The Jerusalem Film Festival is over, so what do we have to look forward to, movie-wise?
By HANNAH BROWN
The Jerusalem Film Festival is over, so what do we have to look forward to, movie-wise, in the coming months?
First of all, although the programs have yet to be announced, in August there will be a Brazilian film festival at the countrys Cinematheques. There were five recent Brazilian films at the Jerusalem Film Festival and the one that I caught, Cao Hamburger's The Year My Parents Went on Vacation, was excellent. It tells the story of a boy who is a soccer fanatic in the year 1970, when Brazil was competing for the World Cup. It was also the year that a dictatorship took hold there, and the boy's parents, who are involved in left-wing politics, leave him with his Jewish grandfather in Sao Paolo. But the grandfather dies suddenly, and the boy, who has not been raised as a Jew, is taken in by his grandfather's Orthodox friend and the members of his synagogue. It works as a very unusual coming-of-age story and a portrait of a specific Jewish community, one that is not well known outside Brazil.
One Israeli film from the festival that is hugely enjoyable is The Band's Visit. Eren Kolirin's charming and cleverly scripted look at an Egyptian police band that ends up stuck for one night in a desolate Negev town won the Wolgin Award for Best Israeli Feature, which surprised no one who had seen all the films in this category. Tell your friends abroad about this one, because it will eventually be released all over the world. It certainly deserves to be.

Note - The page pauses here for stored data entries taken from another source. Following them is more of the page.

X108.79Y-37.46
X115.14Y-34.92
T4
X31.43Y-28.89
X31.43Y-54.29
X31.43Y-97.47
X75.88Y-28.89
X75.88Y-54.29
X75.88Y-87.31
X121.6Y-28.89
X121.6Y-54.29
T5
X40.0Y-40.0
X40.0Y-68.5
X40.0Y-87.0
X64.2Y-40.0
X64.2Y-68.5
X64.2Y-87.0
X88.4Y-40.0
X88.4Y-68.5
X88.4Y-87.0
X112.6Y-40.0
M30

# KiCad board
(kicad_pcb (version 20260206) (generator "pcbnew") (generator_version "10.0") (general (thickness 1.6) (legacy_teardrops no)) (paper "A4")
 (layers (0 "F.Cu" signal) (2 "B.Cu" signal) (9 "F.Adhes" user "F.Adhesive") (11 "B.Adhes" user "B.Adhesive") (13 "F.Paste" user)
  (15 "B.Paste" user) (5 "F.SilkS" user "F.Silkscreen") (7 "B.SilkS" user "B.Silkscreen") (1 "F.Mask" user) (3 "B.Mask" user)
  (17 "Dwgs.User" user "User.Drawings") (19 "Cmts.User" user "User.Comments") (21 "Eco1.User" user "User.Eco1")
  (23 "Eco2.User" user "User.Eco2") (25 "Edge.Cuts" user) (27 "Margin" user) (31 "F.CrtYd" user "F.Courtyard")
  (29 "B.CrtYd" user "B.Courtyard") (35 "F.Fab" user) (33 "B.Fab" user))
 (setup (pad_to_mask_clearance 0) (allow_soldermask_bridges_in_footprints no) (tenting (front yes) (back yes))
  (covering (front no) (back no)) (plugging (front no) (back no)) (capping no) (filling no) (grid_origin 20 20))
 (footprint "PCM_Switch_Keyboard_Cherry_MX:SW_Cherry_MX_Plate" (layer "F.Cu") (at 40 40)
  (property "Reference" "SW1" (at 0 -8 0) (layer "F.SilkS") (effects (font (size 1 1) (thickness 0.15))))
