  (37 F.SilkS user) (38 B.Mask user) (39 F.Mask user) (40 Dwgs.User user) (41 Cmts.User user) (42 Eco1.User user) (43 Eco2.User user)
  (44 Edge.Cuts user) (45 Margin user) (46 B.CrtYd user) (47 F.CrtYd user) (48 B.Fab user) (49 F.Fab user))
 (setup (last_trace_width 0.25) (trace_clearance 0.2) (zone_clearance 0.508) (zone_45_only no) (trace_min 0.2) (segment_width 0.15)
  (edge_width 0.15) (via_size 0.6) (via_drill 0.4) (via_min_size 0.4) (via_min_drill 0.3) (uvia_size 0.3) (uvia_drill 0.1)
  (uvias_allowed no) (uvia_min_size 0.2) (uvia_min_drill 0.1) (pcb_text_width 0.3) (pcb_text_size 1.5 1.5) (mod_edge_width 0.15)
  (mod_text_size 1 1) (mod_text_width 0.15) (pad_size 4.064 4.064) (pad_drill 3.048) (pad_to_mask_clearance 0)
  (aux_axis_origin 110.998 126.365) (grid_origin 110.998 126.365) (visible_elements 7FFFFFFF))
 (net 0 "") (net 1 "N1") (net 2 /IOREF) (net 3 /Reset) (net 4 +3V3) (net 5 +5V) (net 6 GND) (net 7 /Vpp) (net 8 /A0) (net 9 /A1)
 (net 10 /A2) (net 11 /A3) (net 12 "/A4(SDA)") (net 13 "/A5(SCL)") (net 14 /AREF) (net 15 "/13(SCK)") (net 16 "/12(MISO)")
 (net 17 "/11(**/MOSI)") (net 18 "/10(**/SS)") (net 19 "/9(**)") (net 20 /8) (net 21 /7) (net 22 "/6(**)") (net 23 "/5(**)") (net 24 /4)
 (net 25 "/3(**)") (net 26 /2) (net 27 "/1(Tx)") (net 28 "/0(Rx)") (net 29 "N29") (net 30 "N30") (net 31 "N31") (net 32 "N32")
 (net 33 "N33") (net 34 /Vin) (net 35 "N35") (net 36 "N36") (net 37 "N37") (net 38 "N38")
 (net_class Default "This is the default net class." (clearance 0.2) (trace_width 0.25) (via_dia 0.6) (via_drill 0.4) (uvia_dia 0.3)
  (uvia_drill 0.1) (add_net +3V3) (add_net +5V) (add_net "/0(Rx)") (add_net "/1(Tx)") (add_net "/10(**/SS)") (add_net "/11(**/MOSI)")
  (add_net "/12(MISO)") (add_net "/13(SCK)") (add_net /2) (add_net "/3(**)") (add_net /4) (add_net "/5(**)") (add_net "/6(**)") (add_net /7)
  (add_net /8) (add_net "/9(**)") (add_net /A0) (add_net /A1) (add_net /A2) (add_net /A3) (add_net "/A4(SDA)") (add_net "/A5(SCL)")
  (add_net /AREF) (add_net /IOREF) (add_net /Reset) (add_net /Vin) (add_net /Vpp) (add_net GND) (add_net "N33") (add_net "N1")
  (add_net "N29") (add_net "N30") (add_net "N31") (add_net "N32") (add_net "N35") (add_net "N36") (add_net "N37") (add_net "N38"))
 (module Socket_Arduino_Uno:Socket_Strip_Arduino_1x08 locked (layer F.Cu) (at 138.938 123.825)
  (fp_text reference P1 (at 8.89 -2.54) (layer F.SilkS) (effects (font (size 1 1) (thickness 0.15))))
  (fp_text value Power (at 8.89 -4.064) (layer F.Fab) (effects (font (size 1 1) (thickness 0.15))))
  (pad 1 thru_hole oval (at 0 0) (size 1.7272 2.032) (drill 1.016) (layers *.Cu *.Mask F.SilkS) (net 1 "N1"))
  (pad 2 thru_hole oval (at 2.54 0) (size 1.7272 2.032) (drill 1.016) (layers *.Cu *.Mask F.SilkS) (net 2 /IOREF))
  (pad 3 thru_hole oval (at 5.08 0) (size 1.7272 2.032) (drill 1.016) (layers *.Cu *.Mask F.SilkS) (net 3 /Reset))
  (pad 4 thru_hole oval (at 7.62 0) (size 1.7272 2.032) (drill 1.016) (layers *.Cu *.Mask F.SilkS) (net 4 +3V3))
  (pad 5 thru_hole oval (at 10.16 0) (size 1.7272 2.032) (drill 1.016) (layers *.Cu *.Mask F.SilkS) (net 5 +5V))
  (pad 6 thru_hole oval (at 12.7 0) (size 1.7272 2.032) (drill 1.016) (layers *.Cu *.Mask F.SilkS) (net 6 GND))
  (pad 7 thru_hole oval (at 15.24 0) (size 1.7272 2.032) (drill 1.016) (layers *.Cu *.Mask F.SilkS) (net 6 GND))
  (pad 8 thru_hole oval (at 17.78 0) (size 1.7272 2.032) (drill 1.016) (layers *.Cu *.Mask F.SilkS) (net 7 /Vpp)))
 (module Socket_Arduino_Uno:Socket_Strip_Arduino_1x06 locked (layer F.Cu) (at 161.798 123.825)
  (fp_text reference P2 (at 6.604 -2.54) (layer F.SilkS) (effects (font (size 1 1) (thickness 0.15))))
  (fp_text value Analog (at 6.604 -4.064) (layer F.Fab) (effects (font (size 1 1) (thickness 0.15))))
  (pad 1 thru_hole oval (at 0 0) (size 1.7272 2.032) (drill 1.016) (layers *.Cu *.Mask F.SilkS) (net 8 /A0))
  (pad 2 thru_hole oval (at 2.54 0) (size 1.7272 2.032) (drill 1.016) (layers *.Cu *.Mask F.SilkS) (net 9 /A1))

Another movie from the festival that has just opened here is Mira Nair's The Namesake. Nair, who directed films both in India and the US, including Salaam Bombay!, Monsoon Wedding and Mississippi Masala, is the perfect person to adapt the Jhumpa Lahiri novel of the same name to the screen. The Namesake follows two generations of a Bengali family in the Seventies from Calcutta to New York. Bollywood stars Irfan Khan and Tabu play the parents of a boy the father names Gogol, because of the father's affection for the Russian writer's work. The teenage Gogol is played by Kal Penn, best known from the comedy Harold and Kumar Go to White Castle, who has gotten rave reviews for his performance. The movie itself has also won widespread critical acclaim.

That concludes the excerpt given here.